→ **The data**:
-=-=-

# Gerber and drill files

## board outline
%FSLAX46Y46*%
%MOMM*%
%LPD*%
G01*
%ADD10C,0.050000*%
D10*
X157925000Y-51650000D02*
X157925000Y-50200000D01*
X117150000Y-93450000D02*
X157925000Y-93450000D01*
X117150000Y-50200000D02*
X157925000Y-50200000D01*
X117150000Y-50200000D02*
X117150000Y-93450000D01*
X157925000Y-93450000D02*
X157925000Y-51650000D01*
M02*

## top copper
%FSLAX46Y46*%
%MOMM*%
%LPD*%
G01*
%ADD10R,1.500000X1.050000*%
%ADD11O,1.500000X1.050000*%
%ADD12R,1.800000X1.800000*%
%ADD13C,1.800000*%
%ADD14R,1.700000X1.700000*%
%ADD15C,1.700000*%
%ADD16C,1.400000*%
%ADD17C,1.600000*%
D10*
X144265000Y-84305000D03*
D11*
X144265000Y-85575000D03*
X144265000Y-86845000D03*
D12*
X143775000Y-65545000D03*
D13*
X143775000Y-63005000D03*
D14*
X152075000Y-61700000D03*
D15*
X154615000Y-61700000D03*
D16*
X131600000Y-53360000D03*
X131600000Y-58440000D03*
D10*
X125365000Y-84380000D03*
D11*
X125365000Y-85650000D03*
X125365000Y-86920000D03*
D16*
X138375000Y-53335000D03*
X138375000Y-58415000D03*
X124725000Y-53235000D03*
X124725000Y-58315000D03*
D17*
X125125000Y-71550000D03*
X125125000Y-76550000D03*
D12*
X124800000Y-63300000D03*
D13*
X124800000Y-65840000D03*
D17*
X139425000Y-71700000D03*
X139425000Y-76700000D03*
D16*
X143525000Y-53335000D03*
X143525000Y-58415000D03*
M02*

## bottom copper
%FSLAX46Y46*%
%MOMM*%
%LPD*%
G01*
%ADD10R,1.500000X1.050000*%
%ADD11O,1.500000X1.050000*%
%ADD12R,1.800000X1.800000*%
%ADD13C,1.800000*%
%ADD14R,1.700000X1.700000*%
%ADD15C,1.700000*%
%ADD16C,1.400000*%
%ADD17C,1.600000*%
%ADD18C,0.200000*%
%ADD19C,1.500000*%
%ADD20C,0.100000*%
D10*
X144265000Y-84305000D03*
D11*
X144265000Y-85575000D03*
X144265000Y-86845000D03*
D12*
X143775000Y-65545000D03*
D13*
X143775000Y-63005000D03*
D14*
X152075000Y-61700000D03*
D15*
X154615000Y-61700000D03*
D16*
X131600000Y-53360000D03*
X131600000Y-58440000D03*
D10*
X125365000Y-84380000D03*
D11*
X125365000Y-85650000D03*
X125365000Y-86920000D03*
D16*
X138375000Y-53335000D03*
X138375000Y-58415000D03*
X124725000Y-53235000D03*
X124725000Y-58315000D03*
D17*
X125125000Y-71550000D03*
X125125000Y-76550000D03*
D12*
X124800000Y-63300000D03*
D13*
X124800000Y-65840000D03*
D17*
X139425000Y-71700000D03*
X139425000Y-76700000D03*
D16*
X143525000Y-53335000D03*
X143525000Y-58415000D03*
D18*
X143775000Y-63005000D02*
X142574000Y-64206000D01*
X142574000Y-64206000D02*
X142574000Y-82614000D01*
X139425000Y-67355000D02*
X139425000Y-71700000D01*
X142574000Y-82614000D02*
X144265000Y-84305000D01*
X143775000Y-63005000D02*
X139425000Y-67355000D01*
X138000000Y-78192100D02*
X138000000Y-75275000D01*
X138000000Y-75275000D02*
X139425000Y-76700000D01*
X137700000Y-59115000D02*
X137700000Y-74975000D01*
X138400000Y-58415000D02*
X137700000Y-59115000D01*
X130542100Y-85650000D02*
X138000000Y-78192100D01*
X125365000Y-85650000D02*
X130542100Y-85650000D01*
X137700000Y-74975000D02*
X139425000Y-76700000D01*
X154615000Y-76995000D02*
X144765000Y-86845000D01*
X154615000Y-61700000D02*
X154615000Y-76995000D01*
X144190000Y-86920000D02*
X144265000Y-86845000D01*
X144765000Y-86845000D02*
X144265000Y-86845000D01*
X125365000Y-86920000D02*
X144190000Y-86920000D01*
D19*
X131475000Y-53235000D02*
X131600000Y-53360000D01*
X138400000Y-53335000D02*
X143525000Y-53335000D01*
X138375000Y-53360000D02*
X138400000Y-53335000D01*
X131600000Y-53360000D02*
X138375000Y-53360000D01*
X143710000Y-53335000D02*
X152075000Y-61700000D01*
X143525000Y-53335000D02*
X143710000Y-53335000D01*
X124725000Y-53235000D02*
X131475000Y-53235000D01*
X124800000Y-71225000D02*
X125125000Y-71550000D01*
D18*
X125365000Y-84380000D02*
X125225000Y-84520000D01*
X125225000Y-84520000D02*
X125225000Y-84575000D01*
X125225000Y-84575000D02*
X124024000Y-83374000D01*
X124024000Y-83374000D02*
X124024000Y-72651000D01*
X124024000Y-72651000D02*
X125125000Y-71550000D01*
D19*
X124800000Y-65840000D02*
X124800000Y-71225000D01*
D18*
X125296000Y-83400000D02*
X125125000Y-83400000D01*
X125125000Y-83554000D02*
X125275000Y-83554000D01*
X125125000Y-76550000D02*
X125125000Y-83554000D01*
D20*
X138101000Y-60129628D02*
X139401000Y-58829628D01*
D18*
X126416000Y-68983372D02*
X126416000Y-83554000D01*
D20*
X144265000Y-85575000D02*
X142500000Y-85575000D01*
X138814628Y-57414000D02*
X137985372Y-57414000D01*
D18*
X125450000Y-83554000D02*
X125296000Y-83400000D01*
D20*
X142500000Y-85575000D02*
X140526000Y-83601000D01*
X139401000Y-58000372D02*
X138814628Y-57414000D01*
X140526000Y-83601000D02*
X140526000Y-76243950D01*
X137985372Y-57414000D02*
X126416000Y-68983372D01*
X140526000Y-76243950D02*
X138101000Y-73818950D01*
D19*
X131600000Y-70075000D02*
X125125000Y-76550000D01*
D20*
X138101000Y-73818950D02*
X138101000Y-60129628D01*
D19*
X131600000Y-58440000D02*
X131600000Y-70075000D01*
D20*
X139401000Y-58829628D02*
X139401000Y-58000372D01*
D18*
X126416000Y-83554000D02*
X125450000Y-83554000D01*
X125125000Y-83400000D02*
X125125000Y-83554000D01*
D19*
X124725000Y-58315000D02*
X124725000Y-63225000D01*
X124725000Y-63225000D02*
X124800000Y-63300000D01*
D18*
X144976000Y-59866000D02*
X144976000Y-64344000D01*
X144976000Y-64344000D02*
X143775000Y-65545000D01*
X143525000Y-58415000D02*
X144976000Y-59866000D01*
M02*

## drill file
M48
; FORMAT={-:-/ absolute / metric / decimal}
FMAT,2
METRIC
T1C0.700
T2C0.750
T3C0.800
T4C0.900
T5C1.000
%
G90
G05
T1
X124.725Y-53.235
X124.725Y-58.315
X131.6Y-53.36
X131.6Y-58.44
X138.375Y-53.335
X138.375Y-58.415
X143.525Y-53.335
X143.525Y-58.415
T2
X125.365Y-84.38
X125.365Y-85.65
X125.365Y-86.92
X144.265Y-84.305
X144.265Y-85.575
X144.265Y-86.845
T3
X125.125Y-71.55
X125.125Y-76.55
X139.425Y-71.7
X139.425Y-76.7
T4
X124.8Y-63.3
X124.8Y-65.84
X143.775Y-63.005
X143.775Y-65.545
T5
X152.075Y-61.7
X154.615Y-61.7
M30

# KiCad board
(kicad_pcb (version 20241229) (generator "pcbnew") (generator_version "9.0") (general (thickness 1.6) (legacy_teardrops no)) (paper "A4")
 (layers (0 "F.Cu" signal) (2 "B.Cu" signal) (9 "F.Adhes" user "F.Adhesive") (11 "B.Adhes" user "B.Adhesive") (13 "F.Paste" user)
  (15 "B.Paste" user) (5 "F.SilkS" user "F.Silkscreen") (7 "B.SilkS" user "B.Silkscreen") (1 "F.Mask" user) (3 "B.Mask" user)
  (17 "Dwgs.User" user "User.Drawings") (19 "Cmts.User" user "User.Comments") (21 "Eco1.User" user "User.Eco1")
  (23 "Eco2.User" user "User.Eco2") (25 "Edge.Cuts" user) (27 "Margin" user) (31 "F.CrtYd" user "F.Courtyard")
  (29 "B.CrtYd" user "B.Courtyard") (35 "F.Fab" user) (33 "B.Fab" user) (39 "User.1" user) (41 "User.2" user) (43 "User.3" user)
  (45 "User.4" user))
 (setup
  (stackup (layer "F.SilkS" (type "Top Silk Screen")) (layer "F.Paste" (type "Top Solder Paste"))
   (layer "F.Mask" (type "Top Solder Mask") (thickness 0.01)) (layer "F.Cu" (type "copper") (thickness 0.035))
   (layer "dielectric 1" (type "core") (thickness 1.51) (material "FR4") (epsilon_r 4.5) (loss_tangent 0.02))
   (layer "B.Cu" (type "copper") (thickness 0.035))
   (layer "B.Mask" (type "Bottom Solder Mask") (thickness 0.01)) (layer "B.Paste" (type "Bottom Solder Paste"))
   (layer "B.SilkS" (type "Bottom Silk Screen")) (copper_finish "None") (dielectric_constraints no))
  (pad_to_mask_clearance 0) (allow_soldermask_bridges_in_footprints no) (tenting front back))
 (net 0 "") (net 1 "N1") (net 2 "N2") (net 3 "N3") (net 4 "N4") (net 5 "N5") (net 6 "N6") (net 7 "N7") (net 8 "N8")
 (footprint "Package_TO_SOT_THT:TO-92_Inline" (layer "F.Cu") (at 144.265 84.305 -90)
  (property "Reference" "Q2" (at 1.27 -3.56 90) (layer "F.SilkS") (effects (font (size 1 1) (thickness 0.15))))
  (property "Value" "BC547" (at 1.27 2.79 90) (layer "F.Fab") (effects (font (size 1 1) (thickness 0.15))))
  (pad "1" thru_hole rect (at 0 0 270) (size 1.05 1.5) (drill 0.75) (layers "*.Cu" "*.Mask") (remove_unused_layers no) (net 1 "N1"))
  (pad "2" thru_hole oval (at 1.27 0 270) (size 1.05 1.5) (drill 0.75) (layers "*.Cu" "*.Mask") (remove_unused_layers no) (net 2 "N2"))
  (pad "3" thru_hole oval (at 2.54 0 270) (size 1.05 1.5) (drill 0.75) (layers "*.Cu" "*.Mask") (remove_unused_layers no) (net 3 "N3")))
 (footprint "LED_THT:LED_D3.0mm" (layer "F.Cu") (at 143.775 65.545 90)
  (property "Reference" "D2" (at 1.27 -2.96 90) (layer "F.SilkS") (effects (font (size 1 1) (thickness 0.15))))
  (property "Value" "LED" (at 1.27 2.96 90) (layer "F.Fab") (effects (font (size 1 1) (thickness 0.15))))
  (pad "1" thru_hole rect (at 0 0 90) (size 1.8 1.8) (drill 0.9) (layers "*.Cu" "*.Mask") (remove_unused_layers no) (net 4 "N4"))
  (pad "2" thru_hole circle (at 2.54 0 90) (size 1.8 1.8) (drill 0.9) (layers "*.Cu" "*.Mask") (remove_unused_layers no) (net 1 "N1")))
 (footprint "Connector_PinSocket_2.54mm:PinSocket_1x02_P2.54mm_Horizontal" (layer "F.Cu") (at 152.075 61.7 90)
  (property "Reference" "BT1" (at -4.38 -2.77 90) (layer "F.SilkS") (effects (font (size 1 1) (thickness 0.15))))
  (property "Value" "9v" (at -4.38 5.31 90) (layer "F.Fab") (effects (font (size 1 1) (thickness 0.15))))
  (pad "1" thru_hole rect (at 0 0 90) (size 1.7 1.7) (drill 1) (layers "*.Cu" "*.Mask") (remove_unused_layers no) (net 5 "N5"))
  (pad "2" thru_hole circle (at 0 2.54 90) (size 1.7 1.7) (drill 1) (layers "*.Cu" "*.Mask") (remove_unused_layers no) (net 3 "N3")))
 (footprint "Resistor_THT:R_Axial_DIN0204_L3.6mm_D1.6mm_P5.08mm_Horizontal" (layer "F.Cu") (at 131.6 53.36 -90)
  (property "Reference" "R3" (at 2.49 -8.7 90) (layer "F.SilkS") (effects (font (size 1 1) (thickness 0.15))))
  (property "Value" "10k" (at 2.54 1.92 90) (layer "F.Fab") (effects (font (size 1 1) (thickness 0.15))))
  (pad "1" thru_hole circle (at 0 0 270) (size 1.4 1.4) (drill 0.7) (layers "*.Cu" "*.Mask") (remove_unused_layers no) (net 5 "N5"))
  (pad "2" thru_hole circle (at 5.08 0 270) (size 1.4 1.4) (drill 0.7) (layers "*.Cu" "*.Mask") (remove_unused_layers no) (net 2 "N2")))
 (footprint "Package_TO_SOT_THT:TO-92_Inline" (layer "F.Cu") (at 125.365 84.38 -90)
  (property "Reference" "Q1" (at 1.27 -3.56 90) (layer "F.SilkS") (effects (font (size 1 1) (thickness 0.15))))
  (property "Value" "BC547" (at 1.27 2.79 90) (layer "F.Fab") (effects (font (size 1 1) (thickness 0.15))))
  (pad "1" thru_hole rect (at 0 0 270) (size 1.05 1.5) (drill 0.75) (layers "*.Cu" "*.Mask") (remove_unused_layers no) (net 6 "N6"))
  (pad "2" thru_hole oval (at 1.27 0 270) (size 1.05 1.5) (drill 0.75) (layers "*.Cu" "*.Mask") (remove_unused_layers no) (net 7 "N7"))
  (pad "3" thru_hole oval (at 2.54 0 270) (size 1.05 1.5) (drill 0.75) (layers "*.Cu" "*.Mask") (remove_unused_layers no) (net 3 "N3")))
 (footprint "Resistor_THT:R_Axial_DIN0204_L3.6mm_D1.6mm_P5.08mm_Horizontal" (layer "F.Cu") (at 138.375 53.335 -90)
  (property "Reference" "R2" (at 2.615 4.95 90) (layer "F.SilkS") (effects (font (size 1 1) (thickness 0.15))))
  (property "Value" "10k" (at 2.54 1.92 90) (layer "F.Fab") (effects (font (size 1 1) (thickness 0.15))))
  (pad "1" thru_hole circle (at 0 0 270) (size 1.4 1.4) (drill 0.7) (layers "*.Cu" "*.Mask") (remove_unused_layers no) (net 5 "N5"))
  (pad "2" thru_hole circle (at 5.08 0 270) (size 1.4 1.4) (drill 0.7) (layers "*.Cu" "*.Mask") (remove_unused_layers no) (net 7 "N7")))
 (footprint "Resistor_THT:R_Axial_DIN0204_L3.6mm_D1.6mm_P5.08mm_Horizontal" (layer "F.Cu") (at 124.725 53.235 -90)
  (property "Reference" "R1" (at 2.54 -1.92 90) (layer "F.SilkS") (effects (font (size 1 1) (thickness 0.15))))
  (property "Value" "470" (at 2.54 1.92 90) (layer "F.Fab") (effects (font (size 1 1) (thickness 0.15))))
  (pad "1" thru_hole circle (at 0 0 270) (size 1.4 1.4) (drill 0.7) (layers "*.Cu" "*.Mask") (remove_unused_layers no) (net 5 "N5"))
  (pad "2" thru_hole circle (at 5.08 0 270) (size 1.4 1.4) (drill 0.7) (layers "*.Cu" "*.Mask") (remove_unused_layers no) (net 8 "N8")))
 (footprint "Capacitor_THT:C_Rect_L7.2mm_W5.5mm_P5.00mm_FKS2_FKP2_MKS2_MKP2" (layer "F.Cu") (at 125.125 71.55 -90)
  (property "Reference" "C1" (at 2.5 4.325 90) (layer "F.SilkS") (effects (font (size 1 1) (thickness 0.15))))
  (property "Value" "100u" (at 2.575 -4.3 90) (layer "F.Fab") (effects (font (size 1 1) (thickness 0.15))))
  (pad "1" thru_hole circle (at 0 0 270) (size 1.6 1.6) (drill 0.8) (layers "*.Cu" "*.Mask") (remove_unused_layers no) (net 6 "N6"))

-=-=-

→ **Work required**: Check each line of the entries for "CrtYd" and copy those that have it.

→ **Written reply**:
  (23 "Eco2.User" user "User.Eco2") (25 "Edge.Cuts" user) (27 "Margin" user) (31 "F.CrtYd" user "F.Courtyard")
  (29 "B.CrtYd" user "B.Courtyard") (35 "F.Fab" user) (33 "B.Fab" user) (39 "User.1" user) (41 "User.2" user) (43 "User.3" user)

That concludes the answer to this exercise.